Provided material Start Marker

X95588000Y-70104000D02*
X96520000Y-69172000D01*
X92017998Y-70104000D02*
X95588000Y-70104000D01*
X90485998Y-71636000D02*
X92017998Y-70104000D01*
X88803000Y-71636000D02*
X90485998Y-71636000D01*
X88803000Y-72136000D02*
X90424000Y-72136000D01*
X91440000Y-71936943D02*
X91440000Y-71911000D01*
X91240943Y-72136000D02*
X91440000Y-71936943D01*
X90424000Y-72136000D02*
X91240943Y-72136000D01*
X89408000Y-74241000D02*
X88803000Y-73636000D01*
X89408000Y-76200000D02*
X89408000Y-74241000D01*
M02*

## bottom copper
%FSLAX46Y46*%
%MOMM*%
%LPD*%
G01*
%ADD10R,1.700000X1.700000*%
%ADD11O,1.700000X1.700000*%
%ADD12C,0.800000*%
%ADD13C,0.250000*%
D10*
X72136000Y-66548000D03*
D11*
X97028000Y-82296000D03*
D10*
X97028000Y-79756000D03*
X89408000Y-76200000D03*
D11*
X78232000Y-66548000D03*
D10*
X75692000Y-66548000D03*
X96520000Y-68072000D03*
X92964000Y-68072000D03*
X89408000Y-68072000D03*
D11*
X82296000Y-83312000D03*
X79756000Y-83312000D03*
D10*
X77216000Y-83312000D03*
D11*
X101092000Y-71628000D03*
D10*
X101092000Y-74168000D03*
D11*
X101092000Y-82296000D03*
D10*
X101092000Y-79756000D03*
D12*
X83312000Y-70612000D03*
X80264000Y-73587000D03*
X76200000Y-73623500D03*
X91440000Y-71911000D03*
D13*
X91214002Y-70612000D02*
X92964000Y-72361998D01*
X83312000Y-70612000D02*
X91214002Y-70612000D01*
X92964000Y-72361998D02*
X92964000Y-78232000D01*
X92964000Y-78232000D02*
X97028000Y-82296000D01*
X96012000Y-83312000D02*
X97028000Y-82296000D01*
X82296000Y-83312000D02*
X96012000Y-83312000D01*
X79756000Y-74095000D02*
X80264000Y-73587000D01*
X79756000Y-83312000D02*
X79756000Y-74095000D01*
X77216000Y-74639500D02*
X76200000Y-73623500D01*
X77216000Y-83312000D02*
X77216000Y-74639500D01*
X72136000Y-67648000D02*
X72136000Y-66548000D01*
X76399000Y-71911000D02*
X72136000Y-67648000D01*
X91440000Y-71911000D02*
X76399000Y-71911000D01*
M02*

Provided material End Marker

### Your instructions
Reproduce exactly the line containing "X96012000Y-83312000D02*" and every line after it through the end of the records above, and nothing else.

### Exercise output
X96012000Y-83312000D02*
X97028000Y-82296000D01*
X82296000Y-83312000D02*
X96012000Y-83312000D01*
X79756000Y-74095000D02*
X80264000Y-73587000D01*
X79756000Y-83312000D02*
X79756000Y-74095000D01*
X77216000Y-74639500D02*
X76200000Y-73623500D01*
X77216000Y-83312000D02*
X77216000Y-74639500D01*
X72136000Y-67648000D02*
X72136000Y-66548000D01*
X76399000Y-71911000D02*
X72136000Y-67648000D01*
X91440000Y-71911000D02*
X76399000Y-71911000D01*
M02*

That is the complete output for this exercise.